Fractal and Fractional doi: 10.3390/fractalfract10010035

Authors:
Azhar Iqbal Kashif Butt
Waheed Ahmad
Muhammad Rafiq
Ameer Hamza Mukhtar
Fatemah H. H. Al Mukahal
Abeer S. Al Elaiw

This study introduces a nonlinear fractional bi-susceptible model for COVID-19 using the Atangana–Baleanu derivative in Caputo sense (ABC). The fractional framework captures nonlocal effects and temporal decay, offering a realistic presentation of persistent infection cycles and delayed recovery. Within this setting, we investigate multiple transmission modes, determine the major risk factors, and analyze the long-term dynamics of the disease.

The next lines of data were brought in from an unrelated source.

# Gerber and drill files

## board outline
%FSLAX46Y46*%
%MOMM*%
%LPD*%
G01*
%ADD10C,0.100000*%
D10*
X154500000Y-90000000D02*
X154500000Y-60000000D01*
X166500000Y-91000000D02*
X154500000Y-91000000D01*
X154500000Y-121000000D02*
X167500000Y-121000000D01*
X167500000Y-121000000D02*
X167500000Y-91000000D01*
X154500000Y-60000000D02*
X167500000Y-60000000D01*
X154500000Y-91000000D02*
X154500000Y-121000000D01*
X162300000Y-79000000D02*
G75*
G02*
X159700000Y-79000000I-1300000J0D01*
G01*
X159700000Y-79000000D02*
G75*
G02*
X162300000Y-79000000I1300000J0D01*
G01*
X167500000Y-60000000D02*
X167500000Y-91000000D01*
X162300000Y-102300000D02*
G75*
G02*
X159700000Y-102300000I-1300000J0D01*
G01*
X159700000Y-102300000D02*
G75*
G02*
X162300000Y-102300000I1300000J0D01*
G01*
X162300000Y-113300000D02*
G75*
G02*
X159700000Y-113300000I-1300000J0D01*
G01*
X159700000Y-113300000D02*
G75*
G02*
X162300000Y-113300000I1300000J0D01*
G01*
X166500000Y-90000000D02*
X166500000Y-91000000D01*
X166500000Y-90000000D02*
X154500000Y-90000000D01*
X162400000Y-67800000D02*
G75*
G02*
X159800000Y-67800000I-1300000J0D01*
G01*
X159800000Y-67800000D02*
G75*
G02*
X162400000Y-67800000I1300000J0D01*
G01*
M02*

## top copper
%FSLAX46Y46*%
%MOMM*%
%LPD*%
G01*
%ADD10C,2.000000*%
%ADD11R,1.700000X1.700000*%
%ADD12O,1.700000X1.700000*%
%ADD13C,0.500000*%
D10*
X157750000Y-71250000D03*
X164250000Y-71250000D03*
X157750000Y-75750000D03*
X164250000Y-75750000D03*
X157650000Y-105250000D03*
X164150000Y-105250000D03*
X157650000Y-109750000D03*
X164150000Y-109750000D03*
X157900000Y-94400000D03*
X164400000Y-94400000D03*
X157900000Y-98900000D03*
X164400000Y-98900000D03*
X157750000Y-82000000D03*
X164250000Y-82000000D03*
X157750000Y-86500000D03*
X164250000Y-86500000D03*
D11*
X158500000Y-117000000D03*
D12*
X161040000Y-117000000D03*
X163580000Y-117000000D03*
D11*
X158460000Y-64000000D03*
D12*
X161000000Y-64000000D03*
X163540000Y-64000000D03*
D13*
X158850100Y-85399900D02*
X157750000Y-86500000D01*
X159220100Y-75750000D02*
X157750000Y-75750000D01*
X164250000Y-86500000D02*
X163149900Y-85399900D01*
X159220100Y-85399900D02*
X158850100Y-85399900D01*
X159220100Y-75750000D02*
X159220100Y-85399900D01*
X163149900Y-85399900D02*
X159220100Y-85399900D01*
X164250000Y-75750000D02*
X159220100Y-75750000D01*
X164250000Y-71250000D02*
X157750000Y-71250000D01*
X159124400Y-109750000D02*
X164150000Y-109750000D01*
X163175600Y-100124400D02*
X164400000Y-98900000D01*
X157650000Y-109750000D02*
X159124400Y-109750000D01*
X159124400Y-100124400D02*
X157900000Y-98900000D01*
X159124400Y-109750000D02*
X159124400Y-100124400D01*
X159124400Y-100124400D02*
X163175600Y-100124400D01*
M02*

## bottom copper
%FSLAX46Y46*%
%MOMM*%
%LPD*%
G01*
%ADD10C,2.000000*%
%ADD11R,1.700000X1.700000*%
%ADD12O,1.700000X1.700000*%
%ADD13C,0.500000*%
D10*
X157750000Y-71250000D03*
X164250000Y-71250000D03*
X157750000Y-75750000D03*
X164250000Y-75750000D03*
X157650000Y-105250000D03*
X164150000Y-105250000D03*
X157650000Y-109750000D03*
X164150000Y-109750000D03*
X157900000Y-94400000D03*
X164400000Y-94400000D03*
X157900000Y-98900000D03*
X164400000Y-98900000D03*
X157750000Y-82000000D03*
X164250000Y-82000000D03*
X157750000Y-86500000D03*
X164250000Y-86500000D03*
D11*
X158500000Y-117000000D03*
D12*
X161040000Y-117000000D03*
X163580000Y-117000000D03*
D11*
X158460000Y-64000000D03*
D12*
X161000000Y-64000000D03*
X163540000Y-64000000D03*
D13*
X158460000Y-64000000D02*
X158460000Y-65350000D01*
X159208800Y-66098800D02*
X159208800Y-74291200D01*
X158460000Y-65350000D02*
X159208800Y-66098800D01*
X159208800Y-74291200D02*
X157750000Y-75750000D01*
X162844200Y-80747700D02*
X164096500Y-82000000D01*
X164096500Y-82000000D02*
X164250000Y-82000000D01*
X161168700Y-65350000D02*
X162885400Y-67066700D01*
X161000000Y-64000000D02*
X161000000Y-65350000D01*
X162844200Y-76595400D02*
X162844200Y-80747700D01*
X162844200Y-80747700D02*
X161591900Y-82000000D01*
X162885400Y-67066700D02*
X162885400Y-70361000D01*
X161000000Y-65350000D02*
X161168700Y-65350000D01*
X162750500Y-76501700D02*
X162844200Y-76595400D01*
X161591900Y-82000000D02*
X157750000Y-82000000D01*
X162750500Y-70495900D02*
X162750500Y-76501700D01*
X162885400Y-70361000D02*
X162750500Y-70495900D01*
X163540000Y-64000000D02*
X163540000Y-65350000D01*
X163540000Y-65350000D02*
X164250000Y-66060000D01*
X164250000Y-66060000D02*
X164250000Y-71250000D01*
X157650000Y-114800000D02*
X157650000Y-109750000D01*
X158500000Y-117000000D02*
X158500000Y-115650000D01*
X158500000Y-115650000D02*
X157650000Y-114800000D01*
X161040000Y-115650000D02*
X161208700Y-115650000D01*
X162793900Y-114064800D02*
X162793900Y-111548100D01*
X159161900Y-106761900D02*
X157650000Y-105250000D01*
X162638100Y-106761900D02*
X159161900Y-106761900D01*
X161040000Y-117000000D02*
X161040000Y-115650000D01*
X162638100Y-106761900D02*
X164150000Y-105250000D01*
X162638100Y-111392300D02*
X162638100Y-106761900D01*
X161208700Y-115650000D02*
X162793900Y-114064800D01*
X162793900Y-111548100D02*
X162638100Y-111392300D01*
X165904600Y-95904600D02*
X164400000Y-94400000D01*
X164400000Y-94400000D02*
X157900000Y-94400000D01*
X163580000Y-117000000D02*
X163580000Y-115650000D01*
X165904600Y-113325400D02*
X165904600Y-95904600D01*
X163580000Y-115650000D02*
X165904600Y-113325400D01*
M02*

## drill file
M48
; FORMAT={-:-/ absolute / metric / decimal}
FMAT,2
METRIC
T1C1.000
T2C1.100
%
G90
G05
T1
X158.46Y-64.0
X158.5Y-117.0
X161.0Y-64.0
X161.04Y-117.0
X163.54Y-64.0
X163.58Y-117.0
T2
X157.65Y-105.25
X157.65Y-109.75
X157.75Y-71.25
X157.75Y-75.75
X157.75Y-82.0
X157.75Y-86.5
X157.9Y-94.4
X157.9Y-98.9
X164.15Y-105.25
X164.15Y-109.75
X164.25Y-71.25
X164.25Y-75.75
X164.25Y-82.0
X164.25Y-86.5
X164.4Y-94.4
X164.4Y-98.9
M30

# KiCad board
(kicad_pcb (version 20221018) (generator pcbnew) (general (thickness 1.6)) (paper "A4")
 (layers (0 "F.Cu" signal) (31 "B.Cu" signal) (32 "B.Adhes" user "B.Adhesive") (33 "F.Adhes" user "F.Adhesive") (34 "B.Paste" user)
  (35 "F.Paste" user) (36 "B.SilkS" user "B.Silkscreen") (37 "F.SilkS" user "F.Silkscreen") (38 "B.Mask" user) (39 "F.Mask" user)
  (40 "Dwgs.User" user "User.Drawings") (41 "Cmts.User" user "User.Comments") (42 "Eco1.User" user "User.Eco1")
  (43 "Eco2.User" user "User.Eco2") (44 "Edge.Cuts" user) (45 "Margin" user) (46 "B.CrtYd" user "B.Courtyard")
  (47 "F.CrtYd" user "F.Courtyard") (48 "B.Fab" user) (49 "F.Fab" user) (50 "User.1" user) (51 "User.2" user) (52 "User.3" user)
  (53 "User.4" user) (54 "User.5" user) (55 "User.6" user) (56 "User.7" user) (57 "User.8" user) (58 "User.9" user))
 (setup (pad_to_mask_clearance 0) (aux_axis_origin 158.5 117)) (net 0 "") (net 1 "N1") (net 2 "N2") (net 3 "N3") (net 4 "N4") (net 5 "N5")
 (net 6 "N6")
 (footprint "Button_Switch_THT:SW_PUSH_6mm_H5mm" (layer "F.Cu") (at 157.75 71.25)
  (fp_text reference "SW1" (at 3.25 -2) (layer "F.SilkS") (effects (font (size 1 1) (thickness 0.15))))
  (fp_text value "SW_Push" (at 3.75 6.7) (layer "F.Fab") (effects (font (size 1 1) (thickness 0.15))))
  (pad "1" thru_hole circle (at 0 0 90) (size 2 2) (drill 1.1) (layers "*.Cu" "*.Mask") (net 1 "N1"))
  (pad "1" thru_hole circle (at 6.5 0 90) (size 2 2) (drill 1.1) (layers "*.Cu" "*.Mask") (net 1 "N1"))
  (pad "2" thru_hole circle (at 0 4.5 90) (size 2 2) (drill 1.1) (layers "*.Cu" "*.Mask") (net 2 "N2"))
  (pad "2" thru_hole circle (at 6.5 4.5 90) (size 2 2) (drill 1.1) (layers "*.Cu" "*.Mask") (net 2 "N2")))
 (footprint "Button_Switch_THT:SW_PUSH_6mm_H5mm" (layer "F.Cu") (at 157.65 105.25)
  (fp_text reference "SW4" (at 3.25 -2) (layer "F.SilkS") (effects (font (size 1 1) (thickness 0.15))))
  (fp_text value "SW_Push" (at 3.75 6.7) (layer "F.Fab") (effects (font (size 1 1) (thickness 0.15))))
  (pad "1" thru_hole circle (at 0 0 90) (size 2 2) (drill 1.1) (layers "*.Cu" "*.Mask") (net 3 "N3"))
  (pad "1" thru_hole circle (at 6.5 0 90) (size 2 2) (drill 1.1) (layers "*.Cu" "*.Mask") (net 3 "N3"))
  (pad "2" thru_hole circle (at 0 4.5 90) (size 2 2) (drill 1.1) (layers "*.Cu" "*.Mask") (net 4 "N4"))
  (pad "2" thru_hole circle (at 6.5 4.5 90) (size 2 2) (drill 1.1) (layers "*.Cu" "*.Mask") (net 4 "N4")))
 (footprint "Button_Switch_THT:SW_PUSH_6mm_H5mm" (layer "F.Cu") (at 157.9 94.4)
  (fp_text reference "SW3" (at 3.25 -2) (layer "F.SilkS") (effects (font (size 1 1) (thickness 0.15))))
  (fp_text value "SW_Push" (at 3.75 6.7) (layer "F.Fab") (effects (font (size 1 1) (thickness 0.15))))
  (pad "1" thru_hole circle (at 0 0 90) (size 2 2) (drill 1.1) (layers "*.Cu" "*.Mask") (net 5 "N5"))
  (pad "1" thru_hole circle (at 6.5 0 90) (size 2 2) (drill 1.1) (layers "*.Cu" "*.Mask") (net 5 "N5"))
  (pad "2" thru_hole circle (at 0 4.5 90) (size 2 2) (drill 1.1) (layers "*.Cu" "*.Mask") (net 4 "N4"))
  (pad "2" thru_hole circle (at 6.5 4.5 90) (size 2 2) (drill 1.1) (layers "*.Cu" "*.Mask") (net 4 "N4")))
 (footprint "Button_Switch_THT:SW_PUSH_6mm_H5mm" (layer "F.Cu") (at 157.75 82)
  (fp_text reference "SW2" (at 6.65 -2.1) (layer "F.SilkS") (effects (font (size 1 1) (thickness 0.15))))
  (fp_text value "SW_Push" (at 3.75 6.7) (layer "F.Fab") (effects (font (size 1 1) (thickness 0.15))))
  (pad "1" thru_hole circle (at 0 0 90) (size 2 2) (drill 1.1) (layers "*.Cu" "*.Mask") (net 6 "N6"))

Analytical results are obtained at equilibrium states, and fundamental properties of the model are validated. Numerical simulations based on the Toufik–Atangana method further endorse the theoretical results and emphasize the effectiveness of the ABC derivative. Bifurcation analysis illustrates that adjusting time-invariant treatment and awareness efforts can accelerate pandemic control. Sensitivity analysis identifies the most significant parameters, which are used to construct an optimal control problem to determine effective disease control strategies. The numerical results reveal that the proposed control interventions minimize both infection levels and associated costs. Overall, this research work demonstrates the modeling strength of the ABC derivative by integrating fractional calculus, bifurcation theory, and optimal control for efficient epidemic management.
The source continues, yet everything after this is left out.